As Europe enters into what looks to be a winter of political and social chaos, a trade union tsar in the United Kingdom has hinted that the country could see riots over the current cost of living crisis.
Britain could see cost of living riots before the year is out, a senior trade union representative appeared to suggest on Wednesday, as workers in the country desperately push for their wages to rise as inflation tears into their pay packets.
Warnings of future political and social unrest across Europe have become increasingly more common over the last number of weeks, with officials in both France and Germany expressing concern that parts of their population may act out over the wealth of crises facing the continent.
According to a report by The Guardian, Sharon Graham, who heads up the British trade union Unite, has claimed that public disquiet over the cost of living crisis has risen to such a point that it is now comparable with the anger felt by the public over the late Prime Minister Margaret Thatcher’s poll tax.
This measure prompted hundreds of thousands across Britain to take to the streets in opposition to the levy, with protesters ultimately rioting and clashing with police across the country.
“I actually think there is a moment where people could rise to doing exactly the same thing again,” Graham reportedly told the publication, saying that without a “shadow of a doubt” tensions in Britain have now risen to a similar level as during Margaret Thatcher’s era.
Graham’s suggestion that the United Kingdom could soon be facing riots echoes warnings from officials in Continental Europe, where crises to do with inflation and the shortage of gas have many fearing the possibility of public unrest.
For example, President Emmanuel Macron warned that France faces the possibility of disorder as it enters what he called the “end of abundance”, with the liberal head of state begging the public to “agree to pay the price” for what he described as “our freedom and our values” and to resist the rise of what he termed “illiberal regimes”.

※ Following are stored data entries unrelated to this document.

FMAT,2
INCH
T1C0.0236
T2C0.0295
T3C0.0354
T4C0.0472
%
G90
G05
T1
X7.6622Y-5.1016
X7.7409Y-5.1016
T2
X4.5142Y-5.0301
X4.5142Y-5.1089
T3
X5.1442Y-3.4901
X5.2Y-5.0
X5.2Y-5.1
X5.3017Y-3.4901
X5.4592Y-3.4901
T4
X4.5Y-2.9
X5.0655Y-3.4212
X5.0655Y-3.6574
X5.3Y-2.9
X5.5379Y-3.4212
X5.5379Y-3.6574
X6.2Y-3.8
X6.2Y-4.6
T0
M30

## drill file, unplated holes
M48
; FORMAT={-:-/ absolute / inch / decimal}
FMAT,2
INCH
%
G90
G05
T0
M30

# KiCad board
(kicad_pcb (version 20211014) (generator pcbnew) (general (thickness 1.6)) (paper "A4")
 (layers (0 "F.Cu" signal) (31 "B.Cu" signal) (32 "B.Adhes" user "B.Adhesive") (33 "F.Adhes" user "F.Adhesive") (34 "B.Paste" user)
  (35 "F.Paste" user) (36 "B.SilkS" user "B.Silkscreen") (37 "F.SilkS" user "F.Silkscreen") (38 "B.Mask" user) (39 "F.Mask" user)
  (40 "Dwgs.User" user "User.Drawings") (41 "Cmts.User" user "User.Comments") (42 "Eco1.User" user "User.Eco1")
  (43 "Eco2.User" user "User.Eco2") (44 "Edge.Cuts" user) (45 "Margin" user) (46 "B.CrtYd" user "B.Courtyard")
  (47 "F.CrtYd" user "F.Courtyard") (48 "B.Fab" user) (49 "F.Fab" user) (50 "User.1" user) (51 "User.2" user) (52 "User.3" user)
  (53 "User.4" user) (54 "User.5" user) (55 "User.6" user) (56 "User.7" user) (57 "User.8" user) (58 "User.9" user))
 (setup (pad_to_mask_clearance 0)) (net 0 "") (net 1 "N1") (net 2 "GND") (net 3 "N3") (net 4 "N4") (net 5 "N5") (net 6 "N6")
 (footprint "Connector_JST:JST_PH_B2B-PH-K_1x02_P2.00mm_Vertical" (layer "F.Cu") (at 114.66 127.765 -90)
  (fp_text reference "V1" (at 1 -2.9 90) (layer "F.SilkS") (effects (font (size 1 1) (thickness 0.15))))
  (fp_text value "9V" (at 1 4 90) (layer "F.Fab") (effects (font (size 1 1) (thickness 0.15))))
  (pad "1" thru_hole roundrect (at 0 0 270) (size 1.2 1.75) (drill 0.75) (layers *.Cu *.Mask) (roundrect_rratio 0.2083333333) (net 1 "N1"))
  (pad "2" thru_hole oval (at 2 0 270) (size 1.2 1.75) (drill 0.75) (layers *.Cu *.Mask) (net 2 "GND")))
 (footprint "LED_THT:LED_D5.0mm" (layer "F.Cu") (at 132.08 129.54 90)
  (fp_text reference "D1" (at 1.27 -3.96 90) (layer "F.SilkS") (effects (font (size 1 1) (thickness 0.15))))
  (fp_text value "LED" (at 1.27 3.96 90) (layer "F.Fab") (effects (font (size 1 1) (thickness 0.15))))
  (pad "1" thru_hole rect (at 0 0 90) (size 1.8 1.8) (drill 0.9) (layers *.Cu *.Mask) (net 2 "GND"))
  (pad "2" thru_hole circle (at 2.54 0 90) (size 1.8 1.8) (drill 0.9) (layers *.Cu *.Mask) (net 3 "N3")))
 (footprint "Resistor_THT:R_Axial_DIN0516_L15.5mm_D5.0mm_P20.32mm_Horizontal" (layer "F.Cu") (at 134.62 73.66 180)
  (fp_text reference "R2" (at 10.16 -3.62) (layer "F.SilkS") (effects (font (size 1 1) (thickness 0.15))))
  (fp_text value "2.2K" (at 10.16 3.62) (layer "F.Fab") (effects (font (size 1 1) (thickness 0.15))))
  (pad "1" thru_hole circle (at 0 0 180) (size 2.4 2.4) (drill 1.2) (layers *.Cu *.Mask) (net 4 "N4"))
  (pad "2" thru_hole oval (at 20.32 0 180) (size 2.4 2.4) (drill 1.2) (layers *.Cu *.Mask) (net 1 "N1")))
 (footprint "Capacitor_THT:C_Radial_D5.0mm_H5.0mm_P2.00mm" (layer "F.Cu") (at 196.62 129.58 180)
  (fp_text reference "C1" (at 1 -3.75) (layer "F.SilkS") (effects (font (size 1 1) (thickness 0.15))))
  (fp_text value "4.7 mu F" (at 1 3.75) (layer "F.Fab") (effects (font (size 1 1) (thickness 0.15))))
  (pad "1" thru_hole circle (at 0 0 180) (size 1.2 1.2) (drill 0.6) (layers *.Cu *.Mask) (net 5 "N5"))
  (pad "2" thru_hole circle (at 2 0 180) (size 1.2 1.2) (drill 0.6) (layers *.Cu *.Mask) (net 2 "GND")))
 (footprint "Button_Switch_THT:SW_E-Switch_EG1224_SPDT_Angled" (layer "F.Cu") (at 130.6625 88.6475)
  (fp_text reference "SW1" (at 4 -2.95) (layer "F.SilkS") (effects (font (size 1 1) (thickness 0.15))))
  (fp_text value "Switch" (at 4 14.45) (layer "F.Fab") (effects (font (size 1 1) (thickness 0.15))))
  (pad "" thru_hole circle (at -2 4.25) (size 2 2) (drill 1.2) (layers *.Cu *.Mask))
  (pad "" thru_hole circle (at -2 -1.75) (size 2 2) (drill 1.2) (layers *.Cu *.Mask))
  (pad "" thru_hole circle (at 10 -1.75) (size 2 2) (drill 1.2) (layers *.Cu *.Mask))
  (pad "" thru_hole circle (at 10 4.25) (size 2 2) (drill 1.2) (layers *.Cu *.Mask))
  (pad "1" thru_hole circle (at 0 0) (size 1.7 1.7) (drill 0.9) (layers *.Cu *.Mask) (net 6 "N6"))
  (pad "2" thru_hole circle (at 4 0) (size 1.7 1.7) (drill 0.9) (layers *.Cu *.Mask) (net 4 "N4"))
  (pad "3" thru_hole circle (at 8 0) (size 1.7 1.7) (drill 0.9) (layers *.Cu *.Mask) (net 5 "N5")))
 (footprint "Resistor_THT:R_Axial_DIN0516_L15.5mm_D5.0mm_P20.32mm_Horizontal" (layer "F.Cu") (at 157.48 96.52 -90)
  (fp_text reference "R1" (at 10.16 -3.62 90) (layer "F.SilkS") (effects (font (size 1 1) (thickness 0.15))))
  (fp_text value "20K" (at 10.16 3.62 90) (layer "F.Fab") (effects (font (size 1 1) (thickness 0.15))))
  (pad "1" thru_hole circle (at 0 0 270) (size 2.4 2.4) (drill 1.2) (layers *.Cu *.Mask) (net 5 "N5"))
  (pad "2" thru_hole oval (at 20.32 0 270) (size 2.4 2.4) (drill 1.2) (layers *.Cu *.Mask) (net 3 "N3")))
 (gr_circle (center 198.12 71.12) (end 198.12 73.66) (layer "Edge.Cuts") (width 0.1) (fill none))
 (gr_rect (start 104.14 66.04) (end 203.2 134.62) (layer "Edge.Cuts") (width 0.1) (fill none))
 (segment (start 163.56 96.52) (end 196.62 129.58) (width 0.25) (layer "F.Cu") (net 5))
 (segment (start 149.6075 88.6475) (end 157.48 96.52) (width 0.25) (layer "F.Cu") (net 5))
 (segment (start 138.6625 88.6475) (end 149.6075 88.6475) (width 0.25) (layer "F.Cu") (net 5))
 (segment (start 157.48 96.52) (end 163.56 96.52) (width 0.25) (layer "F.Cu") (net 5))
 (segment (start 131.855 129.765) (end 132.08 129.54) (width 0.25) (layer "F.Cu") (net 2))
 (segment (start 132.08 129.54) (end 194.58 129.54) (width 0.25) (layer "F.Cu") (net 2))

Meanwhile, multiple officials in Germany have warned that the country faces the possibility of gas riots over the winter period as people are left unable to adequately heat their homes, with others demanding steps be taken to prevent those on the populist right from gaining mass support over the crisis.
“[A]fter the pandemic and the world events of the last few months, we are dealing with a highly emotional, aggressive, pessimistic mood among the population, whose trust in the state, its institutions and political actors is at least in some parts afflicted with massive doubts,” one official in the country reportedly said, while another went so far as to describe members of the public looking to resist the policies of the country’s political class as the “new enemies of the state“.
For Britain, however, unrest has so far taken the form of widespread strike action in many different industries, with dockers, rail workers, teachers, criminal barristers, postal workers, hospital staff, waste disposal workers, and many others either planning industrial action or already actively partaking in it.
While each union dispute at the centre of these strikes has its own peculiarities, a core theme among nearly all of them is that workers are desperate to see their pay increased so that they can better deal with rapid inflation, which could rise to over 18 per cent by next January and is drastically eroding their real incomes.